Grundsätzlich zulässig ist die Antragstellung für sozialwissenschaftliche, empirische Forschung, die von Mitgliedern der Fakultät durchgeführt wird. Für eine Antragstellung können externe Gründe (z.B. Anforderungen von Drittmittelgebern oder Fachzeitschriften) oder Gründe innerhalb des Forschungsprozesses (z.B. ethische Bedenken/Fragen der Forschenden) ausschlaggebend sein. Die Entscheidung, ob eine Ethikprüfung für ein Forschungsvorhaben beantragt wird, liegt bei dem/der AntragstellerIn.

Auf welcher Grundlage wird Ihr Antrag begutachtet?

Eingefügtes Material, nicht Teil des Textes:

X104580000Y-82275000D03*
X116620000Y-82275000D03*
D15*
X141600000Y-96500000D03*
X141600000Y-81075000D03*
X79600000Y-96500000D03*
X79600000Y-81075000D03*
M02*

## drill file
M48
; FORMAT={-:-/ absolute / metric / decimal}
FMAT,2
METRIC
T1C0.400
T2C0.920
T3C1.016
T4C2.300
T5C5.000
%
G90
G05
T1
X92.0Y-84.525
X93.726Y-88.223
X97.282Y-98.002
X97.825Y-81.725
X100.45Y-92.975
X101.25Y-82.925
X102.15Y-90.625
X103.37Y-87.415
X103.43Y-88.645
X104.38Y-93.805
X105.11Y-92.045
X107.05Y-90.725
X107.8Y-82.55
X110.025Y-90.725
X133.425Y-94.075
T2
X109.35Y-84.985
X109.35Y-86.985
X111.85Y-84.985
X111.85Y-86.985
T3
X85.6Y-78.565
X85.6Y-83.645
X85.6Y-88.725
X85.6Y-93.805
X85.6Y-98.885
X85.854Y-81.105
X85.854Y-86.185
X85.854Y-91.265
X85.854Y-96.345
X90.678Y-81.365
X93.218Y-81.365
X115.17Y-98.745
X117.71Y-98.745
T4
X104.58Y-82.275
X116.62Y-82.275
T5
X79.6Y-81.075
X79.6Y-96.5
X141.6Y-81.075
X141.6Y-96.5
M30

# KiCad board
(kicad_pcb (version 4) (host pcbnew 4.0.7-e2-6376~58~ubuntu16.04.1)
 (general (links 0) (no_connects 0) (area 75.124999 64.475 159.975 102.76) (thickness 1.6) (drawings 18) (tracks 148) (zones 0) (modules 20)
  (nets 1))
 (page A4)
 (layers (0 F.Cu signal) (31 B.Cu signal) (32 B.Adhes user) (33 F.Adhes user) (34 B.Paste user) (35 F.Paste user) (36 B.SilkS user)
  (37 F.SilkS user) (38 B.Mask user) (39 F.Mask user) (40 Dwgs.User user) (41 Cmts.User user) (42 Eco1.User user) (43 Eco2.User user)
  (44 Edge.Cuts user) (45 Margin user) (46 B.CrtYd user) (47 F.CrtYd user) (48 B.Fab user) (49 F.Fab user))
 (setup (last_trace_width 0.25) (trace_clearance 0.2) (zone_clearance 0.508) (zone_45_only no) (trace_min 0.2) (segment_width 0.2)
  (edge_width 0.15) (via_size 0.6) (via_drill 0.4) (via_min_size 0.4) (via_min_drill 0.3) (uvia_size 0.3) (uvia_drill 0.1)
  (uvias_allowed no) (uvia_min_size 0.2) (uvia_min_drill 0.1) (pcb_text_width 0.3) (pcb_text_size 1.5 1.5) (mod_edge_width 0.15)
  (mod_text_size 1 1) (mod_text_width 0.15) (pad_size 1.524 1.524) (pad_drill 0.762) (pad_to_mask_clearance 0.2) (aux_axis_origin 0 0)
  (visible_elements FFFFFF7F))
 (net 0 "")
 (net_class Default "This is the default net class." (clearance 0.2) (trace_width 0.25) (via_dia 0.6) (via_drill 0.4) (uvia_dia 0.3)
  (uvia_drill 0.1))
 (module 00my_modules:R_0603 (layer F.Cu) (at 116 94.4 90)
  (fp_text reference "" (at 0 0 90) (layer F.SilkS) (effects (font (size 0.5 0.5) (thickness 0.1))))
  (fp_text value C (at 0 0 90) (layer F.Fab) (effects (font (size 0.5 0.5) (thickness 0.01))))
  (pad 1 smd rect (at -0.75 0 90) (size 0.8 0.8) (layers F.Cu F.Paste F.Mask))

Die Kommission legt ihrer Arbeit die gesetzlichen Bestimmungen zum Schutz personenbezogener Daten vornehmlich nach dem Bundesdatenschutzgesetz (BDSG) und dem Bayerischen Datenschutzgesetz (BayDSG), die Bestimmungen zum Schutz der Persönlichkeitsrechte und des Rechts auf informationelle Selbstbestimmung (Art. 1 Abs. 1 i. V. m. Art. 2 Abs. 1 GG) sowie die jeweils geltenden Fassungen der Ethikkodizes und Empfehlungen der nationalen Fachverbände (Deutsche Gesellschaft für Soziologie, Berufsverband Deutscher Soziologinnen und Soziologen, Deutsche Gesellschaft für Publizistik- und Kommunikationswissenschaft, Deutsche Vereinigung für Politische Wissenschaft, Deutsche Gesellschaft für Politikwissenschaft) zugrunde. Die Mitglieder der Kommission üben die Aufgaben der Begutachtung nach bestem Wissen und Gewissen aus und ziehen bei Bedarf zusätzliche Expertise hinzu (siehe Geschäfts- und Verfahrensordnung der Ethikkommission der Sozialwissenschaftlichen Fakultät).